By Bicycle & Motorbike
Saigon traffic is chaos, so you might want to think twice before renting a motorbike or bicycle to get around the city on your own. Any hotel front desk can arrange rental at an inflated fee, or try the many little storefronts on Pham Ngu Lao, just west of the intersection with De Tham, where a full-day bike rental starts at $1 and a motorbike is from $5. Wear a helmet and drive slowly, staying in the middle of the herd.
Saigon's Districts
Metropolitan Ho Chi Minh City is divided into 19 administrative districts, numbered 1 through 12 and including Tan Binh, Bin Thanh, Phu Nhuan, Thu Duc, Go Vap, Binh Tan, and Tan Phu. Be sure to know the name or number of the district you need when looking for an address, and try to group your travels accordingly (you don't want to try to crisscross too many districts in 1 day). Most of the hotels, bars, shops, and restaurants are in District 1, parts of which are easily covered on foot -- though you'll want to hop a motorbike taxi or cab to cross the length of a district. District 1 is home to the central Ben Thanh Market and includes the city's most busy commercial area, Dong Khoi, as well as the backpacker district of Pham Ngu Lao. District 1 is flanked to the east and south by the Saigon River, which is where Dong Khoi Street terminates and marks the boundary of the most developed part of the city. Saigon's sightseeing attractions are spread among districts 1, 3, and 5 (Cholon). District 3 is just north and west of the central Dong Khoi area and is home to many foreign business offices and embassies. District 5 is a fair ride west of the town center and supports the city's large ethnic Chinese population, a number of older temples, and a market area.
Visitor Information
Every major tourist agency has its headquarters or a branch in Saigon. They can book tours and travel throughout the city and the southern region, and usually countrywide as well. Ann Tours, Exotissimo, and Saigontourist are upper tier. Ben Thanh Tourist and Sinh Balo are a lower range. Ann Tours is a favorite of Frommer's readers and the subcontractor of choice for many of the best international tour operators.
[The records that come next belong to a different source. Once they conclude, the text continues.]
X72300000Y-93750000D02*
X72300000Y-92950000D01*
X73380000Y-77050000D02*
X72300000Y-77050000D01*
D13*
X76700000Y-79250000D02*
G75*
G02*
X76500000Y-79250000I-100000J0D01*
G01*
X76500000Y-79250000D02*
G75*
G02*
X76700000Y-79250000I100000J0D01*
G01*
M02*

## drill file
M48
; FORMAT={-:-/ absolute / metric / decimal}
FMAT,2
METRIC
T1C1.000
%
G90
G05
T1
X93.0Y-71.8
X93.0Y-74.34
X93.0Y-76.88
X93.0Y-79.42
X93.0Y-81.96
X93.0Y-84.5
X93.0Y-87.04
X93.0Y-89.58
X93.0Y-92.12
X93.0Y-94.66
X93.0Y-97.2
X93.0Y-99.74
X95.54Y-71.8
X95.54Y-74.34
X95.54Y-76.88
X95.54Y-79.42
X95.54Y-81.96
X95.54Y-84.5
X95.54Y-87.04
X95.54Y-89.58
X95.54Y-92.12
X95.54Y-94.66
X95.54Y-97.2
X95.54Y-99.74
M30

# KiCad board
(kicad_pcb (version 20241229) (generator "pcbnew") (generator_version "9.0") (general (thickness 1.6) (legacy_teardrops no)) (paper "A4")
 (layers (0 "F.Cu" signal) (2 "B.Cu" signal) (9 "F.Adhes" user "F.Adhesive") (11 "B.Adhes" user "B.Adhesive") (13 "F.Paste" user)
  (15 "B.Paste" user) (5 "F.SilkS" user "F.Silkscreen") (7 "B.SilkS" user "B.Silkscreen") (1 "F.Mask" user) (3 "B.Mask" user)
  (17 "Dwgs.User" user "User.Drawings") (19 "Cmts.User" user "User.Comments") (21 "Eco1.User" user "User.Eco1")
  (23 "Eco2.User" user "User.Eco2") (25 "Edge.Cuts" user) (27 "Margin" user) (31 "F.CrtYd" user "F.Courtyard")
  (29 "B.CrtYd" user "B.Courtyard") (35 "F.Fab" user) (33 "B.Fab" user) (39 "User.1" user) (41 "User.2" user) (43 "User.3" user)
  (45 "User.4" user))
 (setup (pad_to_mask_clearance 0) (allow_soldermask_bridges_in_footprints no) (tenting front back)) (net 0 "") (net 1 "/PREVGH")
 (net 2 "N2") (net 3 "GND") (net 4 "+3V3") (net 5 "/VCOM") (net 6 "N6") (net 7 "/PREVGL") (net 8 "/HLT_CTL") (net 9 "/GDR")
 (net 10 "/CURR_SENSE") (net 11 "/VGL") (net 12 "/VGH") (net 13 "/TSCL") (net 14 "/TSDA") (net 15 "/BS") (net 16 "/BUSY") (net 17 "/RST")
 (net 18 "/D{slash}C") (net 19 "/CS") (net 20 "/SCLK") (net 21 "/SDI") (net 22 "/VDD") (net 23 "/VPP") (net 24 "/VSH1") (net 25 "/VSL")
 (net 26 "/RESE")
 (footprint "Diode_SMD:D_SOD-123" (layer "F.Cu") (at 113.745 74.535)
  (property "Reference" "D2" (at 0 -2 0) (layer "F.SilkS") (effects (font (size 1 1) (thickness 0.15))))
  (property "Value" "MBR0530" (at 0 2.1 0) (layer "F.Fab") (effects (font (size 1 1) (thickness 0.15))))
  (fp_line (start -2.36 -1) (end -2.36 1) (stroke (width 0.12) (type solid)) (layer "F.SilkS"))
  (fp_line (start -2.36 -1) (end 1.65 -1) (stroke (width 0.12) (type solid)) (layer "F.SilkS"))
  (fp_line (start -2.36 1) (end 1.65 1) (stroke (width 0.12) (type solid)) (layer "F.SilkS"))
- Ann Tours, 58 Ton That Tung St., District 1 (tel. 08/3833-2564; fax 08/3832-3866; www.anntours.com), has a great reputation that's well deserved. Ann's specializes in custom tours for individuals or small groups. They can be relatively expensive, but that's in comparison to the seat-in-coach cattle-drive tours. These guys will help you do virtually anything you want to in Vietnam. Ask for director Tony Nong, and tell him Frommer's sent you.
Budget Tourist Cafes
Saigon's budget tourist cafes, with their many options for affordable seat-in-coach tours in the south and "open tour" bus tickets that run you along the length of Vietnam, are many and all quite similar in the Pham Ngu Lao backpacker area. Sometimes you book with one and get consolidated with another tour at another company. Same prices and services are the rule. Sinh Café is the über-cafe, but there are many others that offer much the same services, including TNK, 216 De Tham St. (tel. 08/3920-4766; www.tnktravelvietnam.com).
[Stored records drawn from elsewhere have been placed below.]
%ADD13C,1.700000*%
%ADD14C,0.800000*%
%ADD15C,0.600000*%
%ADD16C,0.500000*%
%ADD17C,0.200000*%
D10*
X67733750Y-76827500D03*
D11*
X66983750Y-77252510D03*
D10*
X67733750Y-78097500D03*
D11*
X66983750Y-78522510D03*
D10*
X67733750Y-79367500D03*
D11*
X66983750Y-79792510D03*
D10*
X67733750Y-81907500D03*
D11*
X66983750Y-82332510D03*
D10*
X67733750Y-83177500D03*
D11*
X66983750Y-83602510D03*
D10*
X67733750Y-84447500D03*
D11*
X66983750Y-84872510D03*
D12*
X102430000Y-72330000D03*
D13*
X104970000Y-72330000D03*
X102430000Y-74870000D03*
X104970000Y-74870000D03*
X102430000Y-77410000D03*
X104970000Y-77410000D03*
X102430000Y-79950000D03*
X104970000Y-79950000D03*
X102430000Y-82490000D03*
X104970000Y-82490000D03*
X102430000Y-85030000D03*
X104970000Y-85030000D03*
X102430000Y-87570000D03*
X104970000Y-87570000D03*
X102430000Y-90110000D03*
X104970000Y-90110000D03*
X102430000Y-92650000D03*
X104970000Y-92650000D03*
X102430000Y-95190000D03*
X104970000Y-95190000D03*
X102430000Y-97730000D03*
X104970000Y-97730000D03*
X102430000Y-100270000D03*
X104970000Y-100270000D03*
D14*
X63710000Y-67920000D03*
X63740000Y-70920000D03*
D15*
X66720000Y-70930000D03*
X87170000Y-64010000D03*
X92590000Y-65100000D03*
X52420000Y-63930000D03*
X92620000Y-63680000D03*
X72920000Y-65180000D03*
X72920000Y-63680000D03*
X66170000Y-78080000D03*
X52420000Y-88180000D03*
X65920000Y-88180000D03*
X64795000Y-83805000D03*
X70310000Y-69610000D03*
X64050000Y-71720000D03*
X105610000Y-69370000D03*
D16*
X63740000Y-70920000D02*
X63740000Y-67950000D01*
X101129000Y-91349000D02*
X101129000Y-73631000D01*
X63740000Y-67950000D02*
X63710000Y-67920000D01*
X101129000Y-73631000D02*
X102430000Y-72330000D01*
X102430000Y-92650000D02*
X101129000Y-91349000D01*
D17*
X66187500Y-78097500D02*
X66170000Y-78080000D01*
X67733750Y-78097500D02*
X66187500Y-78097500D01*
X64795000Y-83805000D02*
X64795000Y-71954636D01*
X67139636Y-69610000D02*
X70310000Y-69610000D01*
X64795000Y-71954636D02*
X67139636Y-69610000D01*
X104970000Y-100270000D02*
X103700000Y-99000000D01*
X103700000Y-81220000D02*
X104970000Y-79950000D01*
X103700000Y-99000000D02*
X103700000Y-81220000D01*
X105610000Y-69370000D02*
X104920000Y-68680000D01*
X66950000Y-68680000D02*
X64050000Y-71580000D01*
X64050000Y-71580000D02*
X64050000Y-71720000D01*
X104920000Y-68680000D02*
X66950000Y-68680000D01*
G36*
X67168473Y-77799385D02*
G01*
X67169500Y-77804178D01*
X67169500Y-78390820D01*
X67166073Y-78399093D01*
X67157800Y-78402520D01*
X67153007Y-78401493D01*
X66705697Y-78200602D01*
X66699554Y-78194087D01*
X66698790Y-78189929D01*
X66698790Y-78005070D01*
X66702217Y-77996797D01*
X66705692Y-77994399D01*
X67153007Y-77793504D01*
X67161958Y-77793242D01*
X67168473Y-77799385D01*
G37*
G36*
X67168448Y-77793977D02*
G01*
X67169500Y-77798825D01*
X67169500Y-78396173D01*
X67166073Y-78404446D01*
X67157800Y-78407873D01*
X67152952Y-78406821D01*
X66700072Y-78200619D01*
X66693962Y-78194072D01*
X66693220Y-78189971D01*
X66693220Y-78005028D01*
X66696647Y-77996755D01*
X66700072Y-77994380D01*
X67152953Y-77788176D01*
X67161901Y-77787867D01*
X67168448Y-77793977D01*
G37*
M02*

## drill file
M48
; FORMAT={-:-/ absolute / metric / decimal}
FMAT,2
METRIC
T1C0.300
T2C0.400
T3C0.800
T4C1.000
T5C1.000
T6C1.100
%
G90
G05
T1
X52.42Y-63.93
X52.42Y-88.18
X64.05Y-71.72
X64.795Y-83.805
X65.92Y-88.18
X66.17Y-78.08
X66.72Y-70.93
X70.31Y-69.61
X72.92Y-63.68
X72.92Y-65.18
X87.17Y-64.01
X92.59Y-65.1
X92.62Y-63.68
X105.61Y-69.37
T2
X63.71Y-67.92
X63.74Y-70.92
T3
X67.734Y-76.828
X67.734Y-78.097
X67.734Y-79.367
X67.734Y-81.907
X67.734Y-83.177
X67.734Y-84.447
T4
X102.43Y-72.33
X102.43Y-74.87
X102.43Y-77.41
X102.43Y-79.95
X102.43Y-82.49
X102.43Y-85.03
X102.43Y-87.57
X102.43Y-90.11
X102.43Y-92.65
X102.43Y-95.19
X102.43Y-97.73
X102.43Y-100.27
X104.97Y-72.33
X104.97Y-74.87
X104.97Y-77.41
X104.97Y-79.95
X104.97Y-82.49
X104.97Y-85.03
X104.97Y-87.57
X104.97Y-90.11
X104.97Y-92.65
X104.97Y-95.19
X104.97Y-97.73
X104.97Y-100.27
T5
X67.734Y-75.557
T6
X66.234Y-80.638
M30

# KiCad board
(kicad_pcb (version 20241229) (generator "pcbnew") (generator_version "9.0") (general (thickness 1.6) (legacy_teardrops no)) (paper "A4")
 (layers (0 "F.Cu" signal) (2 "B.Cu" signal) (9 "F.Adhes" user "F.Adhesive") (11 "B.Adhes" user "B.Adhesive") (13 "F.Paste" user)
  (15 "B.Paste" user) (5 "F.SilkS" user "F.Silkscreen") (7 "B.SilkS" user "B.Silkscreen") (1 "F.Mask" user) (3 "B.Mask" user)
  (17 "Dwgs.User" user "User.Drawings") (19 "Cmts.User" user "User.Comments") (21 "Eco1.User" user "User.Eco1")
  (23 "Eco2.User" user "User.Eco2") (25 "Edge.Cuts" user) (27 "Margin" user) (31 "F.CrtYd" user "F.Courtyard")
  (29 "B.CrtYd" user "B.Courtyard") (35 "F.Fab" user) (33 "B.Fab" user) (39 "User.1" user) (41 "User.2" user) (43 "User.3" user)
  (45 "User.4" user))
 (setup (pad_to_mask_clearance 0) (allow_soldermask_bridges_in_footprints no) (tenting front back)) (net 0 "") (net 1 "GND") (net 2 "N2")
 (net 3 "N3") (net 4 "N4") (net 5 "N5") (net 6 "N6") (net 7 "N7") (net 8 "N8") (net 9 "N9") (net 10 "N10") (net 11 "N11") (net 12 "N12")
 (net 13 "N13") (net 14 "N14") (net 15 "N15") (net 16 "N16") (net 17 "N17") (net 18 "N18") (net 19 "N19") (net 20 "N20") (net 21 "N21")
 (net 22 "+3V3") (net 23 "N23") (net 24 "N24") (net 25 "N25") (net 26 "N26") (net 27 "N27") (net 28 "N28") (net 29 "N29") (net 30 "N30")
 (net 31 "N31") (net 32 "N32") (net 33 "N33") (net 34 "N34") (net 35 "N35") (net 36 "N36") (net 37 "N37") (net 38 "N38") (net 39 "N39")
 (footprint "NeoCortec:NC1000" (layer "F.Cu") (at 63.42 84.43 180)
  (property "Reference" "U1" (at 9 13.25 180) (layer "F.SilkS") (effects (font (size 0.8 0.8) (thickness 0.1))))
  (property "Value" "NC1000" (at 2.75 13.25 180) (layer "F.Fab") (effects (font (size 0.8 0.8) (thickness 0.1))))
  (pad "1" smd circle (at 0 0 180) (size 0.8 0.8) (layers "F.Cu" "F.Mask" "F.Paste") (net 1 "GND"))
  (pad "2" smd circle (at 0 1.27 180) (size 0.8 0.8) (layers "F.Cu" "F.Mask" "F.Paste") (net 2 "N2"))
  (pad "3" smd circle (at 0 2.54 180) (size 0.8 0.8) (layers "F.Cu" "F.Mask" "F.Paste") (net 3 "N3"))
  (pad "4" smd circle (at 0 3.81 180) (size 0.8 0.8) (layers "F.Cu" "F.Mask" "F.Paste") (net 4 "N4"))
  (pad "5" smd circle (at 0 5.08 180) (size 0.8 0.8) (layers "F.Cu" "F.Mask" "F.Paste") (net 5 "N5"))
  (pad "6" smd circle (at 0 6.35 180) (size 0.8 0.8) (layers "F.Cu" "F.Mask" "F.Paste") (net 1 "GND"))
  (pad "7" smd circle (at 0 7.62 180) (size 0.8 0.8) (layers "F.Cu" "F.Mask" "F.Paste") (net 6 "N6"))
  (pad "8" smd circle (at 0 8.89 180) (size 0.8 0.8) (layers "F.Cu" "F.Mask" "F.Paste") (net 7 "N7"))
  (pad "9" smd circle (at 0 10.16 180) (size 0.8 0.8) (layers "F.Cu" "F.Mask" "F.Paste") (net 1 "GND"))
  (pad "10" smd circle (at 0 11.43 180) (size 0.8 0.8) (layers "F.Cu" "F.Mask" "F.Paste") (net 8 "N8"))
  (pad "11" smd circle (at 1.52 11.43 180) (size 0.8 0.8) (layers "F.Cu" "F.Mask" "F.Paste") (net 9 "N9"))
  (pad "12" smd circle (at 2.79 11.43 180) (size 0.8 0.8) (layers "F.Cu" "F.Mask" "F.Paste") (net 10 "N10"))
Sinh Café, 246-248 De Tham, District 1 (tel. 08/3837-6833; www.sinhcafevn.com), or in their newer office, Sinh Café II near the Dong Khoi area at 24-26 Pho Duc Chinh St. (tel. 08/3821-7421), is the best choice for inexpensive trips and tours. On paper, the tours seem exactly the same as others offered at private tour agents. They have computerized air booking and are quite efficient, if usually overrun with the heavy volume of Western tourists.